O outro fez uma careta – depende do laboratório que vamos trabalhar aqui e das máquinas que vão trazer. Mas acredito que no máximo dois meses.

- Dois meses?

- São 22 corpos em uma cidade sem histórico forense, estamos levantando os equipamentos que vamos precisar transportar. Com sorte sai antes.

- Está bem... E nenhum corpo trazia nenhum objeto?

- Não, todos nus e sem nenhum objeto.

Ele se levantou e caminhou em direção a outros, mas não havia nada revelador. Pensava em como era curiosa a forma como haviam sido jogados ali. Não haviam corpos enterrados na terra, só cobertos por neve. Ninguém fez questão de esconder os corpos, também. “...Será que queriam que fossem encontrados?” Caminhou até a saída e viu Creed se aproximar de um dos oficiais de moto, trocar algumas palavras, pegar um par de luvas e entregar a chave do próprio carro.

Adam se aproximou, mas o outro trazia um olhar perdido e parecia bem distante.

- Inspetor Resmond? – Não teve resposta. Ele tocou seu braço e teve sua mão agarrada com força, arregalando os olhos.

- Ah... desculpe – soltou e suspirou.

- Calma! Só queria saber se estava tudo bem. Essa é a primeira vez que você vê uma cena dessas, né?

- Sim, é. Estou com um pouco de dor de cabeça – respondeu rapidamente, entregando luvas para o outro – Vem, vamos pegar uma moto dos oficiais e dar uma volta, eles já me entregaram o mapa. Quando voltarmos para a estação já vão ter os corpos das vítimas mais recentes lá. Precisamos trabalhar rápido para tentar identificar os últimos três.

- Ok, essa noite eu preciso trabalhar no perfil também, tem outra sala no escritório?

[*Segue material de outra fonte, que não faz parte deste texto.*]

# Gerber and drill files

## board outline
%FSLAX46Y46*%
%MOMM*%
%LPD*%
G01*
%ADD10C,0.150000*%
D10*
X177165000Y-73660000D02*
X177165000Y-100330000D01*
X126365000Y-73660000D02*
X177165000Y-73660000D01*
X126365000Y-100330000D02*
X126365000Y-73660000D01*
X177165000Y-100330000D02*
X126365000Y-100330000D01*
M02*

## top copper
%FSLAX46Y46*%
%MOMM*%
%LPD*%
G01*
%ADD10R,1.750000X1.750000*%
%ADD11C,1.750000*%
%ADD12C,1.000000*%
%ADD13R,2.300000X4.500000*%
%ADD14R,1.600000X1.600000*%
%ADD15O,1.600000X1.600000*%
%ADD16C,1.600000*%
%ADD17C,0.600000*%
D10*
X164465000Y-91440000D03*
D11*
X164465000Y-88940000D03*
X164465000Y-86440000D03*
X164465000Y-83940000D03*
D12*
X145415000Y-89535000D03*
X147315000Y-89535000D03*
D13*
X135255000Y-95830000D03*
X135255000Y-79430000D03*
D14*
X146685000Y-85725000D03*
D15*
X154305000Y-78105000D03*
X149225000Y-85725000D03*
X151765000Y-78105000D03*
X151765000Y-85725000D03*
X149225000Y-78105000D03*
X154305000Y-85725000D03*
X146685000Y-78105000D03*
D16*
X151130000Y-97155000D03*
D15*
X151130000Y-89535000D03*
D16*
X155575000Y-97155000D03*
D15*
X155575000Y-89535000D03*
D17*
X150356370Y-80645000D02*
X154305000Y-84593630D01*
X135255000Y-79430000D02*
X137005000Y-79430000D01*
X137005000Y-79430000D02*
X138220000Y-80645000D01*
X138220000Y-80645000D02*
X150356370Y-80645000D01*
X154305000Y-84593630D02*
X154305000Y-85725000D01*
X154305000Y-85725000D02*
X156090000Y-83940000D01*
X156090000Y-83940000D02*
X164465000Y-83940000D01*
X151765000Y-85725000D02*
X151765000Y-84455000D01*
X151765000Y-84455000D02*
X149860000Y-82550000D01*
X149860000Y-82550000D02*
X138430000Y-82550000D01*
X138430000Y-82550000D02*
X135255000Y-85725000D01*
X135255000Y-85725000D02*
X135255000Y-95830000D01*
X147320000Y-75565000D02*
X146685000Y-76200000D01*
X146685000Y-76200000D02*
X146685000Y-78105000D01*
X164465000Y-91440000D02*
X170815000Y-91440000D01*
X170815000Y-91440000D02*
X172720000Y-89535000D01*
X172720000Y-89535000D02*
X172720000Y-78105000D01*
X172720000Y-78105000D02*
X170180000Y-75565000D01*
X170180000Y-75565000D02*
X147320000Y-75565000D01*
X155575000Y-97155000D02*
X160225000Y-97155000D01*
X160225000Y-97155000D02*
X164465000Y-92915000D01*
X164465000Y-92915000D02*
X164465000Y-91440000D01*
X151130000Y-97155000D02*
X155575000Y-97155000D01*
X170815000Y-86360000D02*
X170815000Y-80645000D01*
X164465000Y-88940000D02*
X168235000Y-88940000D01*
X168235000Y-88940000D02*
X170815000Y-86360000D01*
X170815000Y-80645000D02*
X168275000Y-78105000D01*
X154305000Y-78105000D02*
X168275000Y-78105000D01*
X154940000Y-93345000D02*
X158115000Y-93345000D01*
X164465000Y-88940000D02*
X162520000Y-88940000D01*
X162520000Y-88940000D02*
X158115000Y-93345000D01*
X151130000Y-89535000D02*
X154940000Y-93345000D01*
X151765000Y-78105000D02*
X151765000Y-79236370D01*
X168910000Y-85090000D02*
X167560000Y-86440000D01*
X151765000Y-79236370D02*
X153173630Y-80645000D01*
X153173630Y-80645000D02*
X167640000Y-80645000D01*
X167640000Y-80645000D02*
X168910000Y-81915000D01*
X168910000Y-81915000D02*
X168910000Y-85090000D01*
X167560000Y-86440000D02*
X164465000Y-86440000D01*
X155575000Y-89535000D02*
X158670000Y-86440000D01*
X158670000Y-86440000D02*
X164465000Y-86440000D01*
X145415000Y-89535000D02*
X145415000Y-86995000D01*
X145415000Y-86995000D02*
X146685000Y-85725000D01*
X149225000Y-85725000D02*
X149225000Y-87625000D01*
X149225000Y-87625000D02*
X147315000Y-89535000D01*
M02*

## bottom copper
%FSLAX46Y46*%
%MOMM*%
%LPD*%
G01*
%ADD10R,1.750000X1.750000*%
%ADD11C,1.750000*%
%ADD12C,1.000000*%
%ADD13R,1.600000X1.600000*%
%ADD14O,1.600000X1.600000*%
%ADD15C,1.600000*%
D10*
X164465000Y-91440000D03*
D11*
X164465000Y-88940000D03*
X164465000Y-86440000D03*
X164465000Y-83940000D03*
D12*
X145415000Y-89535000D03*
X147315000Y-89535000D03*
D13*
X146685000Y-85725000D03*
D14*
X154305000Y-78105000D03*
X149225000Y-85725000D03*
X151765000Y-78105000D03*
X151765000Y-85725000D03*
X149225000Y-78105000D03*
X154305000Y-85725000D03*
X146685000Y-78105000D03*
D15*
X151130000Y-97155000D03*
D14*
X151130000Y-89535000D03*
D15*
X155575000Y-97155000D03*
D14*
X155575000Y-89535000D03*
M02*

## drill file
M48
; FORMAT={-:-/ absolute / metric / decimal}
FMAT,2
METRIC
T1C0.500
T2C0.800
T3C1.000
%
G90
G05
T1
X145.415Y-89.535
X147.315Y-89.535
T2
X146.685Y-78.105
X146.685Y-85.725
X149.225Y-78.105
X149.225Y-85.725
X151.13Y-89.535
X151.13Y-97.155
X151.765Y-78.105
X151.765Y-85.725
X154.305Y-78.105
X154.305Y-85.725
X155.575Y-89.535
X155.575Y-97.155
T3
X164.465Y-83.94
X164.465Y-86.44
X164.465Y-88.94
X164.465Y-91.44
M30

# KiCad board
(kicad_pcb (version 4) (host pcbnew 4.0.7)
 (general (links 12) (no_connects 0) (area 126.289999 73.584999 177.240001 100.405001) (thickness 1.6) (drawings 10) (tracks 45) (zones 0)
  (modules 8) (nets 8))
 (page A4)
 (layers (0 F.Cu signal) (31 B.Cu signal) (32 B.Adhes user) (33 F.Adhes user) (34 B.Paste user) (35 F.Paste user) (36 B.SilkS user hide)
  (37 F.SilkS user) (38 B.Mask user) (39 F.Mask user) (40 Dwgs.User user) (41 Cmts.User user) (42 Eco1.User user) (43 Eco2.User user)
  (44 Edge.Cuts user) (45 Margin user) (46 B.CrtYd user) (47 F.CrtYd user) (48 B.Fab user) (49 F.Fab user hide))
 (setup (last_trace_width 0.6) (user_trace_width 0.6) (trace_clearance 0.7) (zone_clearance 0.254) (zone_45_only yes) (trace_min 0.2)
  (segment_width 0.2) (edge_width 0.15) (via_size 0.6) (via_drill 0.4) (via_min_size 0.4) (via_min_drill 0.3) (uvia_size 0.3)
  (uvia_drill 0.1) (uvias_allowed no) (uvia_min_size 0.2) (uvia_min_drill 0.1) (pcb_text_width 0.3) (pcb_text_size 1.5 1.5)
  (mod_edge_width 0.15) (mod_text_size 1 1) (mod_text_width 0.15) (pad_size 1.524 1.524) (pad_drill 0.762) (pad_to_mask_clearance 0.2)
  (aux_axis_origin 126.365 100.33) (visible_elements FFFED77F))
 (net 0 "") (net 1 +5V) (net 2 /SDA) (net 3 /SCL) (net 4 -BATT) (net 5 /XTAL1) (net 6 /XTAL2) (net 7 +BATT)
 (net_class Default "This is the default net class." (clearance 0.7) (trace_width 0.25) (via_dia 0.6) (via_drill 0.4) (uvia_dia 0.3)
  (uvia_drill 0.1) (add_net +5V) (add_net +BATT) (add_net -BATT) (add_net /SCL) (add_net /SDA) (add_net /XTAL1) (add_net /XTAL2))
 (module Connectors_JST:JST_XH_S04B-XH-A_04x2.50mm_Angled (layer F.Cu) (at 164.465 91.44 90)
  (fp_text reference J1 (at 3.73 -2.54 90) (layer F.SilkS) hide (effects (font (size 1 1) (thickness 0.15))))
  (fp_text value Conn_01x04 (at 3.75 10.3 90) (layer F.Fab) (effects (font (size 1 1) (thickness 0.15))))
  (pad 1 thru_hole rect (at 0 0 90) (size 1.75 1.75) (drill 1) (layers *.Cu *.Mask F.SilkS) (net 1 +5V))
  (pad 2 thru_hole circle (at 2.5 0 90) (size 1.75 1.75) (drill 1) (layers *.Cu *.Mask F.SilkS) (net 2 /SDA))
  (pad 3 thru_hole circle (at 5 0 90) (size 1.75 1.75) (drill 1) (layers *.Cu *.Mask F.SilkS) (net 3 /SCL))
  (pad 4 thru_hole circle (at 7.5 0 90) (size 1.75 1.75) (drill 1) (layers *.Cu *.Mask F.SilkS) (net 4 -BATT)))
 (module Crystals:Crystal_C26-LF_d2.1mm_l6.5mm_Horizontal (layer F.Cu) (at 145.415 89.535)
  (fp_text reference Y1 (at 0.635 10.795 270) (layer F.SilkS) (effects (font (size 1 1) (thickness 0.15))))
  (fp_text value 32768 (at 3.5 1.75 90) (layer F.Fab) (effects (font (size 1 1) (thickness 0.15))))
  (pad 1 thru_hole circle (at 0 0) (size 1 1) (drill 0.5) (layers *.Cu *.Mask) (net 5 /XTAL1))
  (pad 2 thru_hole circle (at 1.9 0) (size 1 1) (drill 0.5) (layers *.Cu *.Mask) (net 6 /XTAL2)))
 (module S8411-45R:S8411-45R (layer F.Cu) (at 135.255 87.63)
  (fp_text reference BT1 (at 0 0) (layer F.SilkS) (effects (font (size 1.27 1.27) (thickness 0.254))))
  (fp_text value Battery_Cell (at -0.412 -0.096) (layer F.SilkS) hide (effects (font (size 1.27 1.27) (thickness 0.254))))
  (pad 1 smd rect (at 0 8.2) (size 2.3 4.5) (layers F.Cu F.Paste F.Mask) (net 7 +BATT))
  (pad 2 smd rect (at 0 -8.2) (size 2.3 4.5) (layers F.Cu F.Paste F.Mask) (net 4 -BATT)))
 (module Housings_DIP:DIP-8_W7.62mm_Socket (layer F.Cu) (at 146.685 85.725 90)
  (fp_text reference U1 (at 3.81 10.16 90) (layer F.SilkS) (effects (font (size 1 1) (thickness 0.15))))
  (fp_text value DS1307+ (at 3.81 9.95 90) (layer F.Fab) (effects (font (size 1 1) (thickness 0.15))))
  (pad 1 thru_hole rect (at 0 0 90) (size 1.6 1.6) (drill 0.8) (layers *.Cu *.Mask) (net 5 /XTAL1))
  (pad 5 thru_hole oval (at 7.62 7.62 90) (size 1.6 1.6) (drill 0.8) (layers *.Cu *.Mask) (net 2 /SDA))
  (pad 2 thru_hole oval (at 0 2.54 90) (size 1.6 1.6) (drill 0.8) (layers *.Cu *.Mask) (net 6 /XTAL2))
  (pad 6 thru_hole oval (at 7.62 5.08 90) (size 1.6 1.6) (drill 0.8) (layers *.Cu *.Mask) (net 3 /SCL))
  (pad 3 thru_hole oval (at 0 5.08 90) (size 1.6 1.6) (drill 0.8) (layers *.Cu *.Mask) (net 7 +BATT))
  (pad 7 thru_hole oval (at 7.62 2.54 90) (size 1.6 1.6) (drill 0.8) (layers *.Cu *.Mask))
  (pad 4 thru_hole oval (at 0 7.62 90) (size 1.6 1.6) (drill 0.8) (layers *.Cu *.Mask) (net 4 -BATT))
  (pad 8 thru_hole oval (at 7.62 0 90) (size 1.6 1.6) (drill 0.8) (layers *.Cu *.Mask) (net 1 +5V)))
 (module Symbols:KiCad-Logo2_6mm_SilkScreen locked (layer B.Cu) (at 142.24 91.44 270)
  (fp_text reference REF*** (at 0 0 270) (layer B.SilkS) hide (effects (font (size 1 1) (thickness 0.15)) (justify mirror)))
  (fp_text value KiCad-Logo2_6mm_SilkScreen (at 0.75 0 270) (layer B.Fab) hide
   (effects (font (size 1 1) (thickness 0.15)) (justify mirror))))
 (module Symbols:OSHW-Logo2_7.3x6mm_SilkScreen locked (layer B.Cu) (at 142.24 80.645 270)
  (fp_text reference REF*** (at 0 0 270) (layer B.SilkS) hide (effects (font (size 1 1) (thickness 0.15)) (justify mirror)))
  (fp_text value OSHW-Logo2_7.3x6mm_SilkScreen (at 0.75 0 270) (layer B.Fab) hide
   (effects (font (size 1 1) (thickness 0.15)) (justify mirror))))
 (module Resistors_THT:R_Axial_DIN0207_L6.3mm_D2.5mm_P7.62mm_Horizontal (layer F.Cu) (at 151.13 97.155 90)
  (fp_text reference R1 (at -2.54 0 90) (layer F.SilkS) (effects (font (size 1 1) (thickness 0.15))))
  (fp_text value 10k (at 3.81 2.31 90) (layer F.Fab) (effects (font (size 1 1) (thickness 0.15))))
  (pad 1 thru_hole circle (at 0 0 90) (size 1.6 1.6) (drill 0.8) (layers *.Cu *.Mask) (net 1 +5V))
  (pad 2 thru_hole oval (at 7.62 0 90) (size 1.6 1.6) (drill 0.8) (layers *.Cu *.Mask) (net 2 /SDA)))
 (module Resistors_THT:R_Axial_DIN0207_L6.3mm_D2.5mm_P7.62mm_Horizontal (layer F.Cu) (at 155.575 97.155 90)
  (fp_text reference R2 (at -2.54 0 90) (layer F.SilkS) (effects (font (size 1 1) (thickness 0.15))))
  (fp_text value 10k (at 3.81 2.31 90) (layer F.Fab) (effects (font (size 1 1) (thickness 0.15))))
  (pad 1 thru_hole circle (at 0 0 90) (size 1.6 1.6) (drill 0.8) (layers *.Cu *.Mask) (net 1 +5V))
  (pad 2 thru_hole oval (at 7.62 0 90) (size 1.6 1.6) (drill 0.8) (layers *.Cu *.Mask) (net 3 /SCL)))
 (gr_line (start 177.165 73.66) (end 177.165 100.33) (layer Edge.Cuts) (width 0.15))
 (gr_line (start 126.365 73.66) (end 177.165 73.66) (layer Edge.Cuts) (width 0.15))
 (gr_line (start 126.365 100.33) (end 126.365 73.66) (layer Edge.Cuts) (width 0.15))
 (gr_line (start 177.165 100.33) (end 126.365 100.33) (layer Edge.Cuts) (width 0.15))
 (segment (start 150.35637 80.645) (end 154.305 84.59363) (width 0.6) (layer F.Cu) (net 4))
 (segment (start 135.255 79.43) (end 137.005 79.43) (width 0.6) (layer F.Cu) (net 4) (status 10))
 (segment (start 137.005 79.43) (end 138.22 80.645) (width 0.6) (layer F.Cu) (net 4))
 (segment (start 138.22 80.645) (end 150.35637 80.645) (width 0.6) (layer F.Cu) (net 4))
 (segment (start 154.305 84.59363) (end 154.305 85.725) (width 0.6) (layer F.Cu) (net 4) (status 20))
 (segment (start 154.305 85.725) (end 156.09 83.94) (width 0.6) (layer F.Cu) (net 4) (status 10))
 (segment (start 156.09 83.94) (end 164.465 83.94) (width 0.6) (layer F.Cu) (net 4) (status 20))
 (segment (start 151.765 85.725) (end 151.765 84.455) (width 0.6) (layer F.Cu) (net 7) (status 10))
 (segment (start 151.765 84.455) (end 149.86 82.55) (width 0.6) (layer F.Cu) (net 7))
 (segment (start 149.86 82.55) (end 138.43 82.55) (width 0.6) (layer F.Cu) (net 7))
 (segment (start 138.43 82.55) (end 135.255 85.725) (width 0.6) (layer F.Cu) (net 7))
 (segment (start 135.255 85.725) (end 135.255 95.83) (width 0.6) (layer F.Cu) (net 7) (status 20))
 (segment (start 147.32 75.565) (end 146.685 76.2) (width 0.6) (layer F.Cu) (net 1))
 (segment (start 146.685 76.2) (end 146.685 78.105) (width 0.6) (layer F.Cu) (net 1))
 (segment (start 164.465 91.44) (end 170.815 91.44) (width 0.6) (layer F.Cu) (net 1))
 (segment (start 170.815 91.44) (end 172.72 89.535) (width 0.6) (layer F.Cu) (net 1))
 (segment (start 172.72 89.535) (end 172.72 78.105) (width 0.6) (layer F.Cu) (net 1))
 (segment (start 172.72 78.105) (end 170.18 75.565) (width 0.6) (layer F.Cu) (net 1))
 (segment (start 170.18 75.565) (end 147.32 75.565) (width 0.6) (layer F.Cu) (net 1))
 (segment (start 155.575 97.155) (end 160.225 97.155) (width 0.6) (layer F.Cu) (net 1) (status 10))
 (segment (start 160.225 97.155) (end 164.465 92.915) (width 0.6) (layer F.Cu) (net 1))
 (segment (start 164.465 92.915) (end 164.465 91.44) (width 0.6) (layer F.Cu) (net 1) (status 20))
 (segment (start 151.13 97.155) (end 155.575 97.155) (width 0.6) (layer F.Cu) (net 1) (status 30))
 (segment (start 170.815 86.36) (end 170.815 80.645) (width 0.6) (layer F.Cu) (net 2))
 (segment (start 164.465 88.94) (end 168.235 88.94) (width 0.6) (layer F.Cu) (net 2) (status 10))
 (segment (start 168.235 88.94) (end 170.815 86.36) (width 0.6) (layer F.Cu) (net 2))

- Hm, não. A reforma não serviu para porra nenhuma.

Adam não conteve um sorriso.

- Não faz mal, eu trabalho no hotel.

- Você cozinha?

-... Que? Sim, cozinho.

- Então na minha casa, eu também vou ter que ficar por conta da identificação hoje de noite.

“Caipira.” Adam fez uma expressão estranha e reprimiu vontade de xingar a falta de profissionalismo do recém adquirido parceiro.

- ...claro.

O mais velho subiu na moto e o outro subiu na garupa, colocando o capacete e as luvas. “Que luvas quentes”, pensou, mas se estivesse usando duas ainda não seria o bastante. O vento frio das montanhas congelava suas pernas, pés e mãos. Já tinham passado por duas das saídas, as duas davam para a mesma estrada e não haviam casas ali perto também.

- Não tem nada aqui! – Ele praticamente gritou para o outro, que andava sempre acima da velocidade permitida.

- Esperava um shopping com cafeteria? Isso não é SouthBridge.

- Não pode parar de brincar? Nem um segundo?! Tá frio demais...pode parar um pouco??

Resmond revirou os olhos e encostou a moto no meio da trilha que faziam para o terceiro caminho.

Adam desceu com dificuldade para andar, balbuciando algum xingamento enquanto esfregava as mãos.

- Se for demais para você nós voltamos depois – Creed provocou.

- Não, não. Vamos até o último caminho e voltamos pro carro...

- Carro? – deu uma risada – O oficial levou o carro para a estação, eles já estavam voltando quando eu pedi a moto.

- Que?? Vamos andar mais 40km de estrada de moto?!

Ele quis se jogar no chão só de pensar, seu corpo estava doendo de frio.

- Você usa meu casaco, pode ser?

- Não, eu vou ficar bem...

Creed desabotoou o casaco comprido e passou por cima dos ombros do outro, que arregalou um pouco os olhos ao sentir o peso daquilo. Não havia ido preparado para tanto frio.

- Hahaha, parece um cobertor!

- Não, Inspetor Resmond, você vai passar frio... não precisa me dar.

- Tem 22 corpos de meninos congelados indo para estação hoje, veste a merda do casaco ou vão ser 23.

Adam franziu o cenho.

- Para de fazer brincadeira com isso!

- Dá um tempo... – sorriu - vamos, sobe na moto.

Reparou no corpo forte do companheiro, usava uma blusa de frio quente por cima da camisa, e mesmo assim os braços eram grandes e bem definidos, dava um pouco de inveja em Adam e seus 60 quilos só do básico para sobreviver. Talvez, ele tivesse sofrido menos contra o bullying se tivesse um físico um pouco mais imponente, pensava.

Com o casaco não era mais tão cansativo ir na moto. A última trilha começava desde dentro da floresta e ia por trás das montanhas nevadas até uma serra bem alta em um caminho de barrancos que pareciam altos e pontiagudos, ali foi o único lugar que Creed diminuiu a velocidade. No topo havia uma outra trilha que levava para outra área da floresta e tinha uma vista espetacular das montanhas e da cidade inteira de Daster. A moto parou naquele ponto.

- Adoro a vista daqui.

Isherwood sorriu de leve, era quase meio dia e o sol iluminava a cidade bem uniforme.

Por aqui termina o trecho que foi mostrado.